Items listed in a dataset
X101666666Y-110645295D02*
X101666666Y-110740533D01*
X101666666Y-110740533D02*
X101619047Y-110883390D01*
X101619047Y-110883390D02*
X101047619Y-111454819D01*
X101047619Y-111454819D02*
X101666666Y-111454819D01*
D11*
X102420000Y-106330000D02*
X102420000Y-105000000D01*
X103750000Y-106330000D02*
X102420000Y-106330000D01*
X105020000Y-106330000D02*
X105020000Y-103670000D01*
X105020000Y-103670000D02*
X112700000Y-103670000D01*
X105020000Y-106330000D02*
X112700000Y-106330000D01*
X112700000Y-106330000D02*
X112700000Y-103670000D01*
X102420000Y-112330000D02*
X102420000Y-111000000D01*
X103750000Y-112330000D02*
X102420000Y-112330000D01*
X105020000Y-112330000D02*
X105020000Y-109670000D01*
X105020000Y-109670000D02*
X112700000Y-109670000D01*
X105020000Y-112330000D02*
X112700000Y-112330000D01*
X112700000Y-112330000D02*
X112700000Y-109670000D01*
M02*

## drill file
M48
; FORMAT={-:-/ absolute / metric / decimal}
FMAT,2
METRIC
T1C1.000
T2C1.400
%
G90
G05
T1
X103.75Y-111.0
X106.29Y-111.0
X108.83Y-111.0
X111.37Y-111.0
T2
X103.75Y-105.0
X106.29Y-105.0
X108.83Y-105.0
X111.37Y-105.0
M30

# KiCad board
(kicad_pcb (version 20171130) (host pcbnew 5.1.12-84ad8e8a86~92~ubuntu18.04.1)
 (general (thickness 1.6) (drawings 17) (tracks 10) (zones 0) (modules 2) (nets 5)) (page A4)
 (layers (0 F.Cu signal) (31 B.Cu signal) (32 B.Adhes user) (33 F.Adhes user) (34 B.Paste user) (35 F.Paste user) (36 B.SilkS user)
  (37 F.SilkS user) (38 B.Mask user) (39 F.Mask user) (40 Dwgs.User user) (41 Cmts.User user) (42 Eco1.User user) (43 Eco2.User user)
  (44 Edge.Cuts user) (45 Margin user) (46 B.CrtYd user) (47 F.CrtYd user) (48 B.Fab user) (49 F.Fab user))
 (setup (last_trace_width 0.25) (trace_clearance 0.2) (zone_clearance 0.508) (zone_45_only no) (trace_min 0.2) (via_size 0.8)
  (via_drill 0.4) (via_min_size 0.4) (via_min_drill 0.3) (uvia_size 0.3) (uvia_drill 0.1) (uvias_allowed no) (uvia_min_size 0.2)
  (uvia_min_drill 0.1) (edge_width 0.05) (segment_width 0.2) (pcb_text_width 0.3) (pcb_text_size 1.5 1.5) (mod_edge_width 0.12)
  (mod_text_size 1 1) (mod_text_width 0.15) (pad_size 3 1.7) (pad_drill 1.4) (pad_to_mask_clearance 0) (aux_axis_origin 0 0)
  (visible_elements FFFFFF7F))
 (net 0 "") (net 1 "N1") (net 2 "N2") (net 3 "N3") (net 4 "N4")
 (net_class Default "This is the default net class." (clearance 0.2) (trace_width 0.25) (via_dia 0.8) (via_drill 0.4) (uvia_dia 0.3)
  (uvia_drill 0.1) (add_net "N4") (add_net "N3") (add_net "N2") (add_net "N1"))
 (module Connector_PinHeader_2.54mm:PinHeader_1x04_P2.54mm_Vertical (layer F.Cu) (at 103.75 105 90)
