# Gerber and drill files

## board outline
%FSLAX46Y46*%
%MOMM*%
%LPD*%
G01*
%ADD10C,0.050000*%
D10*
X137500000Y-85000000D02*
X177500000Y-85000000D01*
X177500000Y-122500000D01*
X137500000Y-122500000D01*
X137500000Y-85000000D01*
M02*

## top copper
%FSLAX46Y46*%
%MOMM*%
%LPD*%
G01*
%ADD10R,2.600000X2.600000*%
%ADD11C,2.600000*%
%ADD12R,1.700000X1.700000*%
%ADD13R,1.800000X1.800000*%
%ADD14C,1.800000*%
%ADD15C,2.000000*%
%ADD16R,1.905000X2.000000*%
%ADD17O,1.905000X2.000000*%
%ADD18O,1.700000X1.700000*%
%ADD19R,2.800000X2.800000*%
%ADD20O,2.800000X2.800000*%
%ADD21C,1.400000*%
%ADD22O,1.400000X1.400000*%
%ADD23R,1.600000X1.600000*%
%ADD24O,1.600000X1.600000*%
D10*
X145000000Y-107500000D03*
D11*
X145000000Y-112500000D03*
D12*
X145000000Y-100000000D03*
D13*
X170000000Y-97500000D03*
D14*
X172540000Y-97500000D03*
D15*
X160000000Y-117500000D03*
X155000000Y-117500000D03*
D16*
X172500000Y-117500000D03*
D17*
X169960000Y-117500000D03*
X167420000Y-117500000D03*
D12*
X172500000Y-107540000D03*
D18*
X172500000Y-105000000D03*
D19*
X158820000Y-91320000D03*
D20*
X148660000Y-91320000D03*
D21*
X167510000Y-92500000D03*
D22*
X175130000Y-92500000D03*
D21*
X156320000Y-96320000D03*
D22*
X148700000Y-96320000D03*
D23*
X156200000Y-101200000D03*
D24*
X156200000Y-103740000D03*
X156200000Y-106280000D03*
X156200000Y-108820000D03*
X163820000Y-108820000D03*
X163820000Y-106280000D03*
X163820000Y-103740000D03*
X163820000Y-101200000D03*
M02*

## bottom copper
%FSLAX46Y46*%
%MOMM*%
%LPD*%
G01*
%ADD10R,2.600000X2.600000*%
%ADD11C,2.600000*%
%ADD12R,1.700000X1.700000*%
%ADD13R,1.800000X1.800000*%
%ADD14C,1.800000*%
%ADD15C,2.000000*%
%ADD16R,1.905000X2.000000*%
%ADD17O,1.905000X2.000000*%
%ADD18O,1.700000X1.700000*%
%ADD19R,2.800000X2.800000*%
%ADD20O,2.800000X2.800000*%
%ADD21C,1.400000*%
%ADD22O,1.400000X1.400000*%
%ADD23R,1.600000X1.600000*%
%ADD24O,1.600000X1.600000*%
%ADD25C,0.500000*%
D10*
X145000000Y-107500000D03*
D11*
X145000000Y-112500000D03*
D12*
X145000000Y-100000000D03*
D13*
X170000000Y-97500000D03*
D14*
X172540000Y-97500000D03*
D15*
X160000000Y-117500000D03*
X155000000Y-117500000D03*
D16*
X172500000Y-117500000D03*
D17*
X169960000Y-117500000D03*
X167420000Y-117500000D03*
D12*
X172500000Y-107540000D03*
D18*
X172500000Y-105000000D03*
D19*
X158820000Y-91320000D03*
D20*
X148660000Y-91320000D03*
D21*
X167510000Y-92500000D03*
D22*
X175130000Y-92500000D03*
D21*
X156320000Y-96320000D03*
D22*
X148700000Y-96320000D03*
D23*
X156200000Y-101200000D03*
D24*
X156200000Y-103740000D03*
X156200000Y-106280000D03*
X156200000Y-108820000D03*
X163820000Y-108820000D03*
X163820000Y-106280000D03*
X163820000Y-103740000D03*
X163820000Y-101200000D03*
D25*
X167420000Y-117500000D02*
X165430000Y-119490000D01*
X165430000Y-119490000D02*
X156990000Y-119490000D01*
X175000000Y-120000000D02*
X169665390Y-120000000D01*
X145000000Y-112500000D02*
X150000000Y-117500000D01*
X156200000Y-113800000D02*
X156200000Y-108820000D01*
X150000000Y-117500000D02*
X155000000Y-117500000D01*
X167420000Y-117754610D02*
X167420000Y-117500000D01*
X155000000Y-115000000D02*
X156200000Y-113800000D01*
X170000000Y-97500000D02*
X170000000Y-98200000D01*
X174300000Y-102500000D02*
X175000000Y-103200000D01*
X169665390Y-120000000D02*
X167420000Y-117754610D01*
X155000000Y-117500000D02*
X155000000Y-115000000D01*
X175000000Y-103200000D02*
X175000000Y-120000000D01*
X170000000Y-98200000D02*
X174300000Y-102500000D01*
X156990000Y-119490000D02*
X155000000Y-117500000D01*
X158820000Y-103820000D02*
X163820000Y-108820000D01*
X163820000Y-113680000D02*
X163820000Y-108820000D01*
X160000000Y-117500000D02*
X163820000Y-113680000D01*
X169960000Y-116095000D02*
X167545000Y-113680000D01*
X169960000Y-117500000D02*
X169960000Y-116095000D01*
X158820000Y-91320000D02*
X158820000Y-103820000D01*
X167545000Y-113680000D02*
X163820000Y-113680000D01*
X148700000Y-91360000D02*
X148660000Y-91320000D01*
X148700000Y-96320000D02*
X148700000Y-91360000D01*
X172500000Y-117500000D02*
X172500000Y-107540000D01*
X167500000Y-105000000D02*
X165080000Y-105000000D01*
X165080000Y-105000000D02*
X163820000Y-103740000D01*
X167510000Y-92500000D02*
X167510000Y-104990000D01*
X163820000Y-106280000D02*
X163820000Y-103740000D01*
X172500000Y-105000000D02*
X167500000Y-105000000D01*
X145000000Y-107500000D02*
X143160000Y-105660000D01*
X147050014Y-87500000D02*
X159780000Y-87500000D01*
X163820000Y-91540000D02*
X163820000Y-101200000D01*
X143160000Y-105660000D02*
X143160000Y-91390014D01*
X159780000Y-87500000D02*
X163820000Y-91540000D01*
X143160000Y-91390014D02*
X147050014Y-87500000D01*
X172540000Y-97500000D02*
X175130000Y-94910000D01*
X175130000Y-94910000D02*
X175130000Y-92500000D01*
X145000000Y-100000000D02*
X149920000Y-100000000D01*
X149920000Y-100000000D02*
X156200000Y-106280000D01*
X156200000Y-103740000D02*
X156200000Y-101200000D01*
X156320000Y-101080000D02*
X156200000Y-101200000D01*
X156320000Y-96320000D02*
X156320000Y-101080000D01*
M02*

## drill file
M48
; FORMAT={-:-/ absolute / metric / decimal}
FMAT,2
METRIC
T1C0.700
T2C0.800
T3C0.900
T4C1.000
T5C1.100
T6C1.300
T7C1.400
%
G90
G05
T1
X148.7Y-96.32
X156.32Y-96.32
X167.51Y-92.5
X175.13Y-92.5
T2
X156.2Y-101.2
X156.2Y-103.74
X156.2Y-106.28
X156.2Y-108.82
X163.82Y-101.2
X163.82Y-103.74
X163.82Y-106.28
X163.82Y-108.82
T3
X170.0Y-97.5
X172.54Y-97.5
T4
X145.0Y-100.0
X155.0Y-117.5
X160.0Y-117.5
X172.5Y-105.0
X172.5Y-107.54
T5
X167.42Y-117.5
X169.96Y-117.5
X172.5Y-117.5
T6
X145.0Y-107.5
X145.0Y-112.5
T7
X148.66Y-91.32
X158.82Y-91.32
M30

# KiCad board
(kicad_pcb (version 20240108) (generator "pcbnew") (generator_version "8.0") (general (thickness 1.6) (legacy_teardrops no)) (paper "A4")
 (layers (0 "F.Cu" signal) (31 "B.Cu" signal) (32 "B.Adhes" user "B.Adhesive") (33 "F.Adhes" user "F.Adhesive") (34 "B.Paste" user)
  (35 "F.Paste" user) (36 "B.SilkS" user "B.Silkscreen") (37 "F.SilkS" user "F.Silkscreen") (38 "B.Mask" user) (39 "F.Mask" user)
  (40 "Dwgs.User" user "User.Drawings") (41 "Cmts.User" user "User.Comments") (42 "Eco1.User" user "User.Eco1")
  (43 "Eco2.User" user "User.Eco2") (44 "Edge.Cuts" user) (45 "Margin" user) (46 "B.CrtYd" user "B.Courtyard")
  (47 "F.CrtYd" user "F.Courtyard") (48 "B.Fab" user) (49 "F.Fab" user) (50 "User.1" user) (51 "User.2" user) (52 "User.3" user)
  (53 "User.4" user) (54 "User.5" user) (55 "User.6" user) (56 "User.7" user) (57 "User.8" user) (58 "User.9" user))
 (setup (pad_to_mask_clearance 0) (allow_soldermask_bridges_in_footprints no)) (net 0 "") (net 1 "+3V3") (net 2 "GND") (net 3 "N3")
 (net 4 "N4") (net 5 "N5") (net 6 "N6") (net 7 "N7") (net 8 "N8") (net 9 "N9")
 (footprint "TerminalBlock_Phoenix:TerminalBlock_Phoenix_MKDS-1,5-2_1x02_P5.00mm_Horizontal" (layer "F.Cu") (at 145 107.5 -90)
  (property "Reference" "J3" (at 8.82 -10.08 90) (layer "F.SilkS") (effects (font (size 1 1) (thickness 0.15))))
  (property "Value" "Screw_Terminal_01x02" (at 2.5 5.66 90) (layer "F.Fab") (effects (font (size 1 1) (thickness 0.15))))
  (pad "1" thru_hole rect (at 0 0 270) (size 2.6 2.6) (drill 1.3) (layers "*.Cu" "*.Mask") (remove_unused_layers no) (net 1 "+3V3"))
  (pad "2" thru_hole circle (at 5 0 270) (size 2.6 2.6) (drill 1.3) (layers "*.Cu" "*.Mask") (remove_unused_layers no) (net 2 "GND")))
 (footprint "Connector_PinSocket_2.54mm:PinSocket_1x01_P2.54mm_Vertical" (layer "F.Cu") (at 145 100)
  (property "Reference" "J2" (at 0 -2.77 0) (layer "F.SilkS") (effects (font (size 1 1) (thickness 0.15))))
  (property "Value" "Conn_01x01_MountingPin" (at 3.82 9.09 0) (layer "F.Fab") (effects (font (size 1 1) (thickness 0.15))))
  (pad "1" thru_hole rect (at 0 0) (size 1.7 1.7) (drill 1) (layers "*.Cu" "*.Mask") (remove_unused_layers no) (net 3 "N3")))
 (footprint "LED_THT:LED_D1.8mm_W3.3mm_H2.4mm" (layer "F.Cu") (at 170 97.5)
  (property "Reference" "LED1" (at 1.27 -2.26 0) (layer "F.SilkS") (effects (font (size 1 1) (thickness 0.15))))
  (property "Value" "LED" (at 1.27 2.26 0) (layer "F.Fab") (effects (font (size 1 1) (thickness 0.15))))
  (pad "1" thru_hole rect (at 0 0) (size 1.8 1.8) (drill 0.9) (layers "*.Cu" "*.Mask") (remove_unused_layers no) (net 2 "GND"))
---
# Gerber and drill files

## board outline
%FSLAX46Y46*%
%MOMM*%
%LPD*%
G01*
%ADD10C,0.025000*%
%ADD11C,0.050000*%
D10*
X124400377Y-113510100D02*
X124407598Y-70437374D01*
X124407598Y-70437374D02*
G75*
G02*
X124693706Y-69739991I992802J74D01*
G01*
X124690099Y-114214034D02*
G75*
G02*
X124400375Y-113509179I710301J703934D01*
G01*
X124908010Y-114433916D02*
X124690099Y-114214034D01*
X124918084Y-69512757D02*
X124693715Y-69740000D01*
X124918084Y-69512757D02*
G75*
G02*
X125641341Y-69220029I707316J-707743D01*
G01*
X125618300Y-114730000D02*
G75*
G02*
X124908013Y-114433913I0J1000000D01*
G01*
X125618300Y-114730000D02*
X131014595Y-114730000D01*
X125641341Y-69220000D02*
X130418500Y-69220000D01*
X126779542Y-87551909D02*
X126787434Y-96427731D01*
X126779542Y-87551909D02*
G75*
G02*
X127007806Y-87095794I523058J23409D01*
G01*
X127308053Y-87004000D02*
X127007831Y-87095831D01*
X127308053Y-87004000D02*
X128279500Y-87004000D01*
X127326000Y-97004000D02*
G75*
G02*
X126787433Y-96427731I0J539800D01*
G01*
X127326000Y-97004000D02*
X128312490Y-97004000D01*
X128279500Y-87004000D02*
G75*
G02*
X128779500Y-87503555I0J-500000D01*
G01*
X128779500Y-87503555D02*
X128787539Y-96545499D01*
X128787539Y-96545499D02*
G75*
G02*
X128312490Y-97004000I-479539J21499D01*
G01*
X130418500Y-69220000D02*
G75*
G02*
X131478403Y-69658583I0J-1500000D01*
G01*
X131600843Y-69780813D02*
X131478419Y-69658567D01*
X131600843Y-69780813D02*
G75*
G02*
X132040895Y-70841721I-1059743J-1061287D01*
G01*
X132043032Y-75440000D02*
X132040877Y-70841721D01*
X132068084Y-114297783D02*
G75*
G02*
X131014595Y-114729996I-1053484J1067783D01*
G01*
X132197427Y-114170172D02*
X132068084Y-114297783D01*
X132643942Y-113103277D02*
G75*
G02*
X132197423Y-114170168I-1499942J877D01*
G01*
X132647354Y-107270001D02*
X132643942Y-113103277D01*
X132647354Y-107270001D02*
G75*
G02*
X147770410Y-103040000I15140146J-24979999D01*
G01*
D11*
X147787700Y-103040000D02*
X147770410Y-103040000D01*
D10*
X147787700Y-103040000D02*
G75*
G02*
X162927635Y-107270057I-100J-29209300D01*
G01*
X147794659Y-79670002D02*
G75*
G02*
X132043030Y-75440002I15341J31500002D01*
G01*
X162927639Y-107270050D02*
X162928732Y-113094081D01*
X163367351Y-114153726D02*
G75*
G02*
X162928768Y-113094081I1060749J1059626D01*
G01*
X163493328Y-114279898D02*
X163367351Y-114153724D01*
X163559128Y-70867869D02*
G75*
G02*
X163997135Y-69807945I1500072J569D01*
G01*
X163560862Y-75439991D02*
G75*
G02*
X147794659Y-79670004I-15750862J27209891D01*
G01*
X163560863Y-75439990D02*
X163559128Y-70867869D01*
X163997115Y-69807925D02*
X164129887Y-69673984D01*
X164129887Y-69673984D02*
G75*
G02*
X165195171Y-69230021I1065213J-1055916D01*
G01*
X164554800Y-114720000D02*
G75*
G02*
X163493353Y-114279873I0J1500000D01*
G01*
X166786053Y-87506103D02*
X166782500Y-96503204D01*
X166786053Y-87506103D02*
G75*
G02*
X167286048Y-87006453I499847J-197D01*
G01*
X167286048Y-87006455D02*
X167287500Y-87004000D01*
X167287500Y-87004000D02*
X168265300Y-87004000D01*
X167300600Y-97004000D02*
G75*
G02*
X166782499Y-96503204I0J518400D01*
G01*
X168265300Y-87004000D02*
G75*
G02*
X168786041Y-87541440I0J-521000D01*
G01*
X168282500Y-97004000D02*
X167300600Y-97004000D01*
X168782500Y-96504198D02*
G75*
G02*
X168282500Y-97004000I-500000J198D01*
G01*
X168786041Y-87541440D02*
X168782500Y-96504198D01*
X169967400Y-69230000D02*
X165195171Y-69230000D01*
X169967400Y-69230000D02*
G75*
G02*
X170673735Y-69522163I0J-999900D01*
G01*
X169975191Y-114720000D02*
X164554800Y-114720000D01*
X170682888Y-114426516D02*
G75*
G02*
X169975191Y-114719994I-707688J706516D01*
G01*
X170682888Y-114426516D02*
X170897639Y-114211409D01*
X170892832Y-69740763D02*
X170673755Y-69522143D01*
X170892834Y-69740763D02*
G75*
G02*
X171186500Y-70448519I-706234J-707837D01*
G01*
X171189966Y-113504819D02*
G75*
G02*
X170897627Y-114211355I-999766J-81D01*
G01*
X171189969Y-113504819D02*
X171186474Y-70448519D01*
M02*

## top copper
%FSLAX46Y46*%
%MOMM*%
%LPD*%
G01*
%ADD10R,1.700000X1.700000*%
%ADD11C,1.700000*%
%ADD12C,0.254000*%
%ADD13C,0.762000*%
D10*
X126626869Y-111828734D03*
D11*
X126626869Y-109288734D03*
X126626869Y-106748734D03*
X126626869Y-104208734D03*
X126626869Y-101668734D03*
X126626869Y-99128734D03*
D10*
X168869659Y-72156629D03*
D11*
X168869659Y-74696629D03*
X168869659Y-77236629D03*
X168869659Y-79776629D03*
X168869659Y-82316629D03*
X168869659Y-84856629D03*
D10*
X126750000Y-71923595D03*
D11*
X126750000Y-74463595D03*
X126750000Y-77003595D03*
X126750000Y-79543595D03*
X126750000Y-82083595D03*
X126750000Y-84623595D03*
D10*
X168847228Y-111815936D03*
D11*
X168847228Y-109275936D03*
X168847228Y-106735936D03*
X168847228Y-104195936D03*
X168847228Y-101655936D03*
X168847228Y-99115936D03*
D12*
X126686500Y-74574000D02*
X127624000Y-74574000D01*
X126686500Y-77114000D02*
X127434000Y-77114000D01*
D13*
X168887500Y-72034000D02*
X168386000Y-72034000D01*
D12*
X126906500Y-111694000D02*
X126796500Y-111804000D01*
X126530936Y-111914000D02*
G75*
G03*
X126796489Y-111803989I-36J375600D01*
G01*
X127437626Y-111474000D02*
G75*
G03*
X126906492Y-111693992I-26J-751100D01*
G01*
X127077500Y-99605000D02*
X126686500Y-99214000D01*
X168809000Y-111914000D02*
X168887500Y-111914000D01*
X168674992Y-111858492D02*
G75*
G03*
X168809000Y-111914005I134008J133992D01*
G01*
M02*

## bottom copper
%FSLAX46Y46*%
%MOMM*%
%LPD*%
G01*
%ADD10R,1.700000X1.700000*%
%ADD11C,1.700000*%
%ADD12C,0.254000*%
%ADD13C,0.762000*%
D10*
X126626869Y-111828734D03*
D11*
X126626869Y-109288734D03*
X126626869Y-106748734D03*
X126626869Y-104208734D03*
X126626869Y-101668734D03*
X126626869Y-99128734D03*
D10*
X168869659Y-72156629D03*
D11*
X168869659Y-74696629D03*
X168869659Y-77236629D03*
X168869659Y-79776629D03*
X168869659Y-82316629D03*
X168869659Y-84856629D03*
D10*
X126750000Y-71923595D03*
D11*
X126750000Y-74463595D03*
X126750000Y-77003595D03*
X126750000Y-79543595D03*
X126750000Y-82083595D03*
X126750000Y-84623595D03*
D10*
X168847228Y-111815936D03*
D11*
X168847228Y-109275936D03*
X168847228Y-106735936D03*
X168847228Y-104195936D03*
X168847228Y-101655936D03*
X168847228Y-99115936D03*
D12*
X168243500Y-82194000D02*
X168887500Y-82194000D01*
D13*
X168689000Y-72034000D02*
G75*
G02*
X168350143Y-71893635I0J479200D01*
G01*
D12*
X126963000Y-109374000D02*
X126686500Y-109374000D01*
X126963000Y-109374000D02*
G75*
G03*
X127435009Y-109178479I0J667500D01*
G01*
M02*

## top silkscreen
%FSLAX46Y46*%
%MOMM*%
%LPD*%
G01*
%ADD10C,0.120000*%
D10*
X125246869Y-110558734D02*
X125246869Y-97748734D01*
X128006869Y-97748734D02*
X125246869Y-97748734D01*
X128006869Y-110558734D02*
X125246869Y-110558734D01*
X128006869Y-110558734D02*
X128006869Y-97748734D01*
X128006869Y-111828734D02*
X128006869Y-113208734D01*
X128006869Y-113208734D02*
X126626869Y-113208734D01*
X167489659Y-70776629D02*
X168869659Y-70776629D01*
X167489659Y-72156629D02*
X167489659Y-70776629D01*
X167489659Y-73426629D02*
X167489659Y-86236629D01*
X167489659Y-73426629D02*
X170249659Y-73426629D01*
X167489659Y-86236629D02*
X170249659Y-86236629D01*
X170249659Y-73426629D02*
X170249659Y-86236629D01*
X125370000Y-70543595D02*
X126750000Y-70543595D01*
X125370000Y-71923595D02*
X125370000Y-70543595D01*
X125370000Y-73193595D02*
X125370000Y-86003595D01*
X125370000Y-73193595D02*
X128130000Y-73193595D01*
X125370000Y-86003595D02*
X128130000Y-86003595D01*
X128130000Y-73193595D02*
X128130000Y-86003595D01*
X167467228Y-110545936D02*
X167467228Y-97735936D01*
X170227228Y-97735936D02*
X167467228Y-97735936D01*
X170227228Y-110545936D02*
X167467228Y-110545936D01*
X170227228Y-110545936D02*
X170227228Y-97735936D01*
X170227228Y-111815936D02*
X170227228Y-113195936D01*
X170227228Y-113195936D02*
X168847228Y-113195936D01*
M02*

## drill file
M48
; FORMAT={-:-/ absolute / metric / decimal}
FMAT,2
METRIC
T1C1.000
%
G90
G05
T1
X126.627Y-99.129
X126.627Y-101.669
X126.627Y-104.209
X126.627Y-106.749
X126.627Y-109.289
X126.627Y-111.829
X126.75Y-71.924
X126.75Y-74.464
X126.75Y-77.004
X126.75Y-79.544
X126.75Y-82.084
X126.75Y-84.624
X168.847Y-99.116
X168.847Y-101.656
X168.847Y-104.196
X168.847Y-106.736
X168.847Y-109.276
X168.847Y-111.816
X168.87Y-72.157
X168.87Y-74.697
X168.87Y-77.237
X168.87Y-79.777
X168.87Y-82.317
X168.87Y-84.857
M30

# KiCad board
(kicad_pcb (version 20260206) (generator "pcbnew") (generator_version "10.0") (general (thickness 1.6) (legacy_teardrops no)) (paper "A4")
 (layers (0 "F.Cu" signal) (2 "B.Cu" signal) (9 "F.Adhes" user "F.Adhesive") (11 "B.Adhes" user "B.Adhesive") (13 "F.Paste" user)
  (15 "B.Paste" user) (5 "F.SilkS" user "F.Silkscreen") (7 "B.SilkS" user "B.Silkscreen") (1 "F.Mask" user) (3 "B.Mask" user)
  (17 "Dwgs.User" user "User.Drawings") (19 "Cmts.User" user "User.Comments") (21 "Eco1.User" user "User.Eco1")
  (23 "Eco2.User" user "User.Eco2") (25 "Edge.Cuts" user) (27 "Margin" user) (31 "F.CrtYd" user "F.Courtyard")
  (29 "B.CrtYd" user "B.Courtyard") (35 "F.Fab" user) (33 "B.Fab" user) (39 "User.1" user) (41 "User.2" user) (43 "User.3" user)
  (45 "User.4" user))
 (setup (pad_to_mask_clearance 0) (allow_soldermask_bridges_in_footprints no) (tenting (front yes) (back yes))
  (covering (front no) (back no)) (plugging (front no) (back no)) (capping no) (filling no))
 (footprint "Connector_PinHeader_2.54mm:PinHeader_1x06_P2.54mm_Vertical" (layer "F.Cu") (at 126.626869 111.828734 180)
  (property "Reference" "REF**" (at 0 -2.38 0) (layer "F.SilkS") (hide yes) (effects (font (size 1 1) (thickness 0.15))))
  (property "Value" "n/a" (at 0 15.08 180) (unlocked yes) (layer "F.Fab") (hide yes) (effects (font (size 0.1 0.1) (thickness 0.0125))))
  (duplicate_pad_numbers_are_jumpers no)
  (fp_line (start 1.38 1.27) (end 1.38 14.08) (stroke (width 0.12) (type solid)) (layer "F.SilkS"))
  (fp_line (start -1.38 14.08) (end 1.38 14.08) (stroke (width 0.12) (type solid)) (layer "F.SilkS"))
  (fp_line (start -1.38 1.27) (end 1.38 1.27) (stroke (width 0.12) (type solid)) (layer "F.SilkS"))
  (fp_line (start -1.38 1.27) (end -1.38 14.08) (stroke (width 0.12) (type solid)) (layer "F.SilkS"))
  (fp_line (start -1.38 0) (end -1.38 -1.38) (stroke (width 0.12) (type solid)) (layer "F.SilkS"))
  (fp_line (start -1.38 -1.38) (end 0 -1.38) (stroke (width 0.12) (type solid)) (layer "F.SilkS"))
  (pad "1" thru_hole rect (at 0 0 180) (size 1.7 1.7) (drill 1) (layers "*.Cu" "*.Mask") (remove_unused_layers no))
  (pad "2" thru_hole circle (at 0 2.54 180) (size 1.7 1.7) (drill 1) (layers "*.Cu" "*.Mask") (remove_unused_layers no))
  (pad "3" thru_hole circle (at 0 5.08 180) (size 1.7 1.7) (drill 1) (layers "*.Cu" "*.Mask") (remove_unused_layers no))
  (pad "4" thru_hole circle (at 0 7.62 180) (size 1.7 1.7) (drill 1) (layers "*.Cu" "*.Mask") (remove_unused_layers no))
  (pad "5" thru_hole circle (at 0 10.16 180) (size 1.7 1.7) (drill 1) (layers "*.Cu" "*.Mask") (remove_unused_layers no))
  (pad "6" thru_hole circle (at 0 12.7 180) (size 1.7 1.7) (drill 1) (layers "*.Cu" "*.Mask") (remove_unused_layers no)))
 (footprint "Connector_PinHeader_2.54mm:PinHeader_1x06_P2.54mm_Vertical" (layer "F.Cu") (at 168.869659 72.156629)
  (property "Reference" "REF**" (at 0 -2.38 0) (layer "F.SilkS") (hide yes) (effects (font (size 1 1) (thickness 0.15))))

§ **EXERCISE AIM**
Please state the number of lines above that hold the string "Cuts", with nothing else added.

§ **COMPLETED TASK**
3